# Need help ASAP



## roxihart (Mar 5, 2009)

Hello,

Sammie is about 1 1/2 years now and doing extremely well I think with her training. However she is still unreliable when it comes to jumping. She hardly ever jumps on me since I'm the one most consistent with her and occasionally on my hubby; this leaves us little opportunity for correction. I will be moving home to help with the care of my elderly grandmother and Sammie will of course be going with me. I'm concerned with her jumping on my grandma and injuring her.. she's quite fragile and recently broke a hip. Anyone with advice on greatly effective techniques to address jumping. 

THANKS!


----------



## AcesWild (Nov 29, 2008)

if you are uncomfortable with it then use baby gates so sammy can't jump on her. Separate her from your grandmother if you are worried about it.


----------



## Oaklys Dad (Dec 28, 2005)

The baby gates are a good idea.
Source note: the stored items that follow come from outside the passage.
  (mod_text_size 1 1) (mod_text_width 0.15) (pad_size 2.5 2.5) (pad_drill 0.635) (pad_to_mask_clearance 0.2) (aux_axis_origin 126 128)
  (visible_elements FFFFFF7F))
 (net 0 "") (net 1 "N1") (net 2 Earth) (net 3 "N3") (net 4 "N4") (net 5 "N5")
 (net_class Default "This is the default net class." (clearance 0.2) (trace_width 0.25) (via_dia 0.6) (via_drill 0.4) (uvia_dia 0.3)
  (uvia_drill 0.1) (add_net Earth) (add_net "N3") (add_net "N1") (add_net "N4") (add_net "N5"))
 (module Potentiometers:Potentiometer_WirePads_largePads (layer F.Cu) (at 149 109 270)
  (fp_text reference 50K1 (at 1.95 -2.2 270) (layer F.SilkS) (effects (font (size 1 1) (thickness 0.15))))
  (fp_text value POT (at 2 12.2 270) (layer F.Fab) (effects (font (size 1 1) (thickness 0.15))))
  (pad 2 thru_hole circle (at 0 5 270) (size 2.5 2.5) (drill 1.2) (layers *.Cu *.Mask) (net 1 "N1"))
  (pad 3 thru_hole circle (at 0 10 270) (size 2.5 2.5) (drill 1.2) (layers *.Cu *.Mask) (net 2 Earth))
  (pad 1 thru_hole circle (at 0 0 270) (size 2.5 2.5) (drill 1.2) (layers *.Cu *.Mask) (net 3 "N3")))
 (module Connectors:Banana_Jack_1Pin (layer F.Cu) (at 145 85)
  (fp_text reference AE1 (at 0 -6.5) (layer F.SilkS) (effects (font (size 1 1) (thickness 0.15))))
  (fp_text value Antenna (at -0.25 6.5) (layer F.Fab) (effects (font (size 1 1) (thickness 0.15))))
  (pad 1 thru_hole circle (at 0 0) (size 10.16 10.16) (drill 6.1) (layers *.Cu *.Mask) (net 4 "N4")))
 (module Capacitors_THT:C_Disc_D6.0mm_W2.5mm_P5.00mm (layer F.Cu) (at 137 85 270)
You could also keep Sammie on a leash when grandma is up and about. 

You can also enlist a few friends to help train Sammie to learn that she only gets attention when sitting. Good luck to you.


----------



## roxihart (Mar 5, 2009)

Someone else mentioned that, but I would much rather take the time to train her to act appropriately then have to set boundaries for her. It would be useful for not only my grandma but anyone she is in close proximity with. Jumping is just not acceptable in my mind unless it is by command for some reason. I prefer to teach my dog how to live with me instead of having to restrict her from things because I'm too lazy to communicate to her what is ok and what isn't.


----------



## roxihart (Mar 5, 2009)

I like this idea of making her sit. Our dog at home does it and I think its wonderful, he's a little older and MUCH calmer though..  We've tried our best and she understand somewhat but its not that she is super jumpy all the time, it's more that when she is excited because someone comes home; that is when she jumps. She does great when you're just walking around.
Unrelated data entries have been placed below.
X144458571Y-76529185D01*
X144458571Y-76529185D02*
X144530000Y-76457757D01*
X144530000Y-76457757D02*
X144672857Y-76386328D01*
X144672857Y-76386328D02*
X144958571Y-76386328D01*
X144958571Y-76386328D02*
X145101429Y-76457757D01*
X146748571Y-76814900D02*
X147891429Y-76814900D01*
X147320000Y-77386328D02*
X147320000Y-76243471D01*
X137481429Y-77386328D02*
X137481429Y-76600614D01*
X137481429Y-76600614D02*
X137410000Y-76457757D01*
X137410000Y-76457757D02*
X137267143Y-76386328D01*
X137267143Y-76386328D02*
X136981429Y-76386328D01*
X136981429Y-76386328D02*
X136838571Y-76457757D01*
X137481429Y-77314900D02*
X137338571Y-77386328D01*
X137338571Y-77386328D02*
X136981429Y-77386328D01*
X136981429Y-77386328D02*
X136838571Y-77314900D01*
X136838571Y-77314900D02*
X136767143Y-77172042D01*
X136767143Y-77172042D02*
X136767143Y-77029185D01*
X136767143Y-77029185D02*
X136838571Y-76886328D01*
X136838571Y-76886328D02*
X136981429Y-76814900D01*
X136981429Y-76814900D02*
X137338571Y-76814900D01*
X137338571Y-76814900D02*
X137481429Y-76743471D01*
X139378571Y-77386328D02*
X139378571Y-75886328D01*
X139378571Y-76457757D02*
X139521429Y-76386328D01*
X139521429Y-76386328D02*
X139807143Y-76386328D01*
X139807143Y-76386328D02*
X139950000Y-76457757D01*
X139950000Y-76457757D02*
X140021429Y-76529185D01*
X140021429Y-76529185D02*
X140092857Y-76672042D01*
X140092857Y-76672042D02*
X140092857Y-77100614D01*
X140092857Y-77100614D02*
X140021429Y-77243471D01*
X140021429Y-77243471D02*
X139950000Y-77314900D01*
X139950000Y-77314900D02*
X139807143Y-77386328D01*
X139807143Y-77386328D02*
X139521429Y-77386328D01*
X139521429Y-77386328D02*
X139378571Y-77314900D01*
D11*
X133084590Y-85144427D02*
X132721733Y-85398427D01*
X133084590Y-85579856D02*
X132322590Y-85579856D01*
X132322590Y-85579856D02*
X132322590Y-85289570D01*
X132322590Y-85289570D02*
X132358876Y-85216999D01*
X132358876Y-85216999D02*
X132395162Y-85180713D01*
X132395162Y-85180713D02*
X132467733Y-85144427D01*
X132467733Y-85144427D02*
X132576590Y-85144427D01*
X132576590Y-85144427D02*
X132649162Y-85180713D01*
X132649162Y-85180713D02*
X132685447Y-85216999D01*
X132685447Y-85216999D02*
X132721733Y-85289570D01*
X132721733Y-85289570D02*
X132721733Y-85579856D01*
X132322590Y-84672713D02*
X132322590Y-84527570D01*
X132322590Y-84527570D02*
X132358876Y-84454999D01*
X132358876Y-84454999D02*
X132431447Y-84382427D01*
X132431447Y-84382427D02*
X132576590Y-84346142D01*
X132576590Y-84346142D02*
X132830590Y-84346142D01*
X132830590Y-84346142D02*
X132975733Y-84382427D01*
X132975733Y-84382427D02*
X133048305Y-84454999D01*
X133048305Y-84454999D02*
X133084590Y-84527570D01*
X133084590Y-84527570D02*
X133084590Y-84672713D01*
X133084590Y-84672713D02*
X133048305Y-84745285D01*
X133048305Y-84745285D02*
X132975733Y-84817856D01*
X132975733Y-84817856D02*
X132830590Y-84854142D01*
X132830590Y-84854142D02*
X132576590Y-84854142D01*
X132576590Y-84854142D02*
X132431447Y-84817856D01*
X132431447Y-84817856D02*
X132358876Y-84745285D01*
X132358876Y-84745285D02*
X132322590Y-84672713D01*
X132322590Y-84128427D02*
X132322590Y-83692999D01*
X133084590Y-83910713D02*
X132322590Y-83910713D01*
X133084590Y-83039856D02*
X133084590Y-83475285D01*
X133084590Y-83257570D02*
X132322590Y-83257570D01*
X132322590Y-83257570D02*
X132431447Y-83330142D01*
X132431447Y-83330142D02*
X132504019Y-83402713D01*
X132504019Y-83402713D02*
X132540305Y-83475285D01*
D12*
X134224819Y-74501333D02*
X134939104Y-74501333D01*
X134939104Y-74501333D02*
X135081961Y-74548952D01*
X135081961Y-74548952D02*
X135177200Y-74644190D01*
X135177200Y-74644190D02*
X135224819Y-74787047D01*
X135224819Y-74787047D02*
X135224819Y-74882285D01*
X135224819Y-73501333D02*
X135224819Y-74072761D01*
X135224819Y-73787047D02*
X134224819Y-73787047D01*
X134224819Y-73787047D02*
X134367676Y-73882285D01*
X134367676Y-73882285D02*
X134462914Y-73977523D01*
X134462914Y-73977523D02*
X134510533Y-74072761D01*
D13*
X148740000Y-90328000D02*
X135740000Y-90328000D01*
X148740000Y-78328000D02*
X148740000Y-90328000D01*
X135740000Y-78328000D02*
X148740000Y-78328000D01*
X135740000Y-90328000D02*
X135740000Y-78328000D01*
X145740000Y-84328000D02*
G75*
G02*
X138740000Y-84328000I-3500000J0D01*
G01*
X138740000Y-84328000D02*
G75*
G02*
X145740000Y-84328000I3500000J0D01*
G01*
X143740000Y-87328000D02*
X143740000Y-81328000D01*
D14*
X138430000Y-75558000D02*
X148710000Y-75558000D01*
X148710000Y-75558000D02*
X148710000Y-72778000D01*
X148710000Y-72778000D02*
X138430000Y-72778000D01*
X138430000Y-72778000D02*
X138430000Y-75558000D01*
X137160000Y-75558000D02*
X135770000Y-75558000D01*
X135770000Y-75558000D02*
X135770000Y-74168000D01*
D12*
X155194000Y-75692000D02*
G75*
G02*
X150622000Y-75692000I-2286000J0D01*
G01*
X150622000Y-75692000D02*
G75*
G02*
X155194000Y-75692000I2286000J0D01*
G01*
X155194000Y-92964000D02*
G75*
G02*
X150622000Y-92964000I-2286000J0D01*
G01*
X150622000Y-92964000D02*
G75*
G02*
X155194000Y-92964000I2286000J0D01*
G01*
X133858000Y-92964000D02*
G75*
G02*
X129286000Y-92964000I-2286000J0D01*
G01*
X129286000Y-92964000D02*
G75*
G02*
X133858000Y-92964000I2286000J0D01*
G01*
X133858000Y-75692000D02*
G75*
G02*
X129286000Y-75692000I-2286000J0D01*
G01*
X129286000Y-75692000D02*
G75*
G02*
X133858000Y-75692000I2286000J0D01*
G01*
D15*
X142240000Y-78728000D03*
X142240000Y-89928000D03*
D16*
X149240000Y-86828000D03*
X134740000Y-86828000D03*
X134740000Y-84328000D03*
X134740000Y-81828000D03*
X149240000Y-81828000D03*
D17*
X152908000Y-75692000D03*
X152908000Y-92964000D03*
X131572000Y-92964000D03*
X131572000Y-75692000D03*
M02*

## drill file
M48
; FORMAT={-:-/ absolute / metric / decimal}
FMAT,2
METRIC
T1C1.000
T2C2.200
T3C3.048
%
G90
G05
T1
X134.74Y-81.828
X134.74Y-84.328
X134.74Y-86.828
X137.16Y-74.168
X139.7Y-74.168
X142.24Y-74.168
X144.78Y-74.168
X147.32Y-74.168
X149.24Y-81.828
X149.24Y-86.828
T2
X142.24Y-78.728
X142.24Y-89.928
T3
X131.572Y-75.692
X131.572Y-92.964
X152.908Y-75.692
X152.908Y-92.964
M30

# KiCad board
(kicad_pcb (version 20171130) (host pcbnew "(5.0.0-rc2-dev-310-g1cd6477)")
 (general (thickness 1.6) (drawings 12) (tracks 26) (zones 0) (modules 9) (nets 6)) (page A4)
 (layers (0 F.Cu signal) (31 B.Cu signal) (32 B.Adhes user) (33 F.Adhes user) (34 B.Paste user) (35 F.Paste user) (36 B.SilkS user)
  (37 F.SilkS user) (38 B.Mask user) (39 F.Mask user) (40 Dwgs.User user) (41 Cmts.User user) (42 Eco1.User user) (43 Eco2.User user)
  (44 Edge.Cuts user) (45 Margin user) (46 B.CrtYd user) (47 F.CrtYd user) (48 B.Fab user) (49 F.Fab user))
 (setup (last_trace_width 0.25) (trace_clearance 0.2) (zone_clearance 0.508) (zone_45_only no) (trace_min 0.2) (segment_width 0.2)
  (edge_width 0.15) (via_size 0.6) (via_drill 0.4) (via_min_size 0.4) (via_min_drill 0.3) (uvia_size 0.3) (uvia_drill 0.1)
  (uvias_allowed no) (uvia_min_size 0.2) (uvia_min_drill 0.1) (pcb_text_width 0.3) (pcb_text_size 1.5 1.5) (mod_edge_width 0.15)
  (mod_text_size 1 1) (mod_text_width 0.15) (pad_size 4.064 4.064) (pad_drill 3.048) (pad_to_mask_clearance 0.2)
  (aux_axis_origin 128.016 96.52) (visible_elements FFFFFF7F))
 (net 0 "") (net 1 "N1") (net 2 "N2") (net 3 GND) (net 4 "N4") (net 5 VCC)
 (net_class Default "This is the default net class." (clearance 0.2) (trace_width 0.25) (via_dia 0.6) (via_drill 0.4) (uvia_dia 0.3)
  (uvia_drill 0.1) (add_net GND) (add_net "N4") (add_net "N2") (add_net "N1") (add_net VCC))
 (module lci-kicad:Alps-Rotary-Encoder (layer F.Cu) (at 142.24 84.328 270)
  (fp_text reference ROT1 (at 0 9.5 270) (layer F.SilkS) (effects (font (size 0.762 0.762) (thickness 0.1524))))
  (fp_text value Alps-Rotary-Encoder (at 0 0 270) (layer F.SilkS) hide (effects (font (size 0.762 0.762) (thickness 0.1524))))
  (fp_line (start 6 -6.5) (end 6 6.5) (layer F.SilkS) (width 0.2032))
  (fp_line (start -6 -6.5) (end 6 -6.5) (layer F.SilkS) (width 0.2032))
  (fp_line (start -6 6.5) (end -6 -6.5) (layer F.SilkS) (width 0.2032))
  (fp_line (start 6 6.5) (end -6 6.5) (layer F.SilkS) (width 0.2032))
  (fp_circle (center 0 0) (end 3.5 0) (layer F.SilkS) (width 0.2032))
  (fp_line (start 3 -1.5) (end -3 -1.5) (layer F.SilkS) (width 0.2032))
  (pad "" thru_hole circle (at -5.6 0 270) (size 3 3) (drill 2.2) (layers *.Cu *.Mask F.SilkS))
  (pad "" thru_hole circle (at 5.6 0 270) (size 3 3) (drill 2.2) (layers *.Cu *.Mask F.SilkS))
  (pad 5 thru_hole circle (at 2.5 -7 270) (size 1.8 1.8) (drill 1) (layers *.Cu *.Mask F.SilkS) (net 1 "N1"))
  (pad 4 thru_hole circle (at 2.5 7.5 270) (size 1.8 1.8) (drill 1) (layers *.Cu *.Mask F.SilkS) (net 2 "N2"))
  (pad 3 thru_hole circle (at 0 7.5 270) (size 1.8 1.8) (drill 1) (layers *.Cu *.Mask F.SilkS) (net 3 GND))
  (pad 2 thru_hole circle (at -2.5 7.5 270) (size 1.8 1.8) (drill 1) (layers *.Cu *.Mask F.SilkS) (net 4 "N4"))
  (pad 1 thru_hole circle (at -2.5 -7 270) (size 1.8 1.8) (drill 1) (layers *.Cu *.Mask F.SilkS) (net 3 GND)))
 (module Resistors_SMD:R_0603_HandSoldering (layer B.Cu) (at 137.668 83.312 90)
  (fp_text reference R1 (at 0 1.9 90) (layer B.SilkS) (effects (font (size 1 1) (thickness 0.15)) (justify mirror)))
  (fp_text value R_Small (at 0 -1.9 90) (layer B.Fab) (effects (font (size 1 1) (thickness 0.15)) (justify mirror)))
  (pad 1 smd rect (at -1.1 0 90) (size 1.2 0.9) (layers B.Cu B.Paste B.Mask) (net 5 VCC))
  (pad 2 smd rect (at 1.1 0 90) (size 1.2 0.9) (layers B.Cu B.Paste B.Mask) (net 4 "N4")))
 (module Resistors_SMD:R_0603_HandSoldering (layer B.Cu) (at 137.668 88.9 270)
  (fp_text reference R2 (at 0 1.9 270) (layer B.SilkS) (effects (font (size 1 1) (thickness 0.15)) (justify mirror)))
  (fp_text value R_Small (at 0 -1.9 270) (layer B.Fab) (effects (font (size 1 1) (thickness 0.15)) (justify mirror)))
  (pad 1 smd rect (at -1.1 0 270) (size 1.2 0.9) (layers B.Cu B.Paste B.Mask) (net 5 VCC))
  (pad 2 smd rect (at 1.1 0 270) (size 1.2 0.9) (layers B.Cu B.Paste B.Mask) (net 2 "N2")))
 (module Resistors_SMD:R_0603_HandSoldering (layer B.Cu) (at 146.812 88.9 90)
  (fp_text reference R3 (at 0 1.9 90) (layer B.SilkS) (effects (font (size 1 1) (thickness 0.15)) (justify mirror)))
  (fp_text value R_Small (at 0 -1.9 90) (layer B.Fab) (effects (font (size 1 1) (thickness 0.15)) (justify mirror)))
I've been ignoring her until she sits or goes to mind her own business and then reward her with my attention and it seems to be working somewhat. It's the exciting parts of the day that are my concern.


----------



## AcesWild (Nov 29, 2008)

If you have time to train it then go for it, I guess your title is what is confusing me as I figured that you wouldn't have much time to really correct it if you need help "asap". If you have time to go correct it then you'll definitely get advice on how to do it. Moxie is allowed to put her feet up on me because she needs to help me and alert me. I guess being a little dog it's not as big of an issue...atleast I don't see it as big of an issue.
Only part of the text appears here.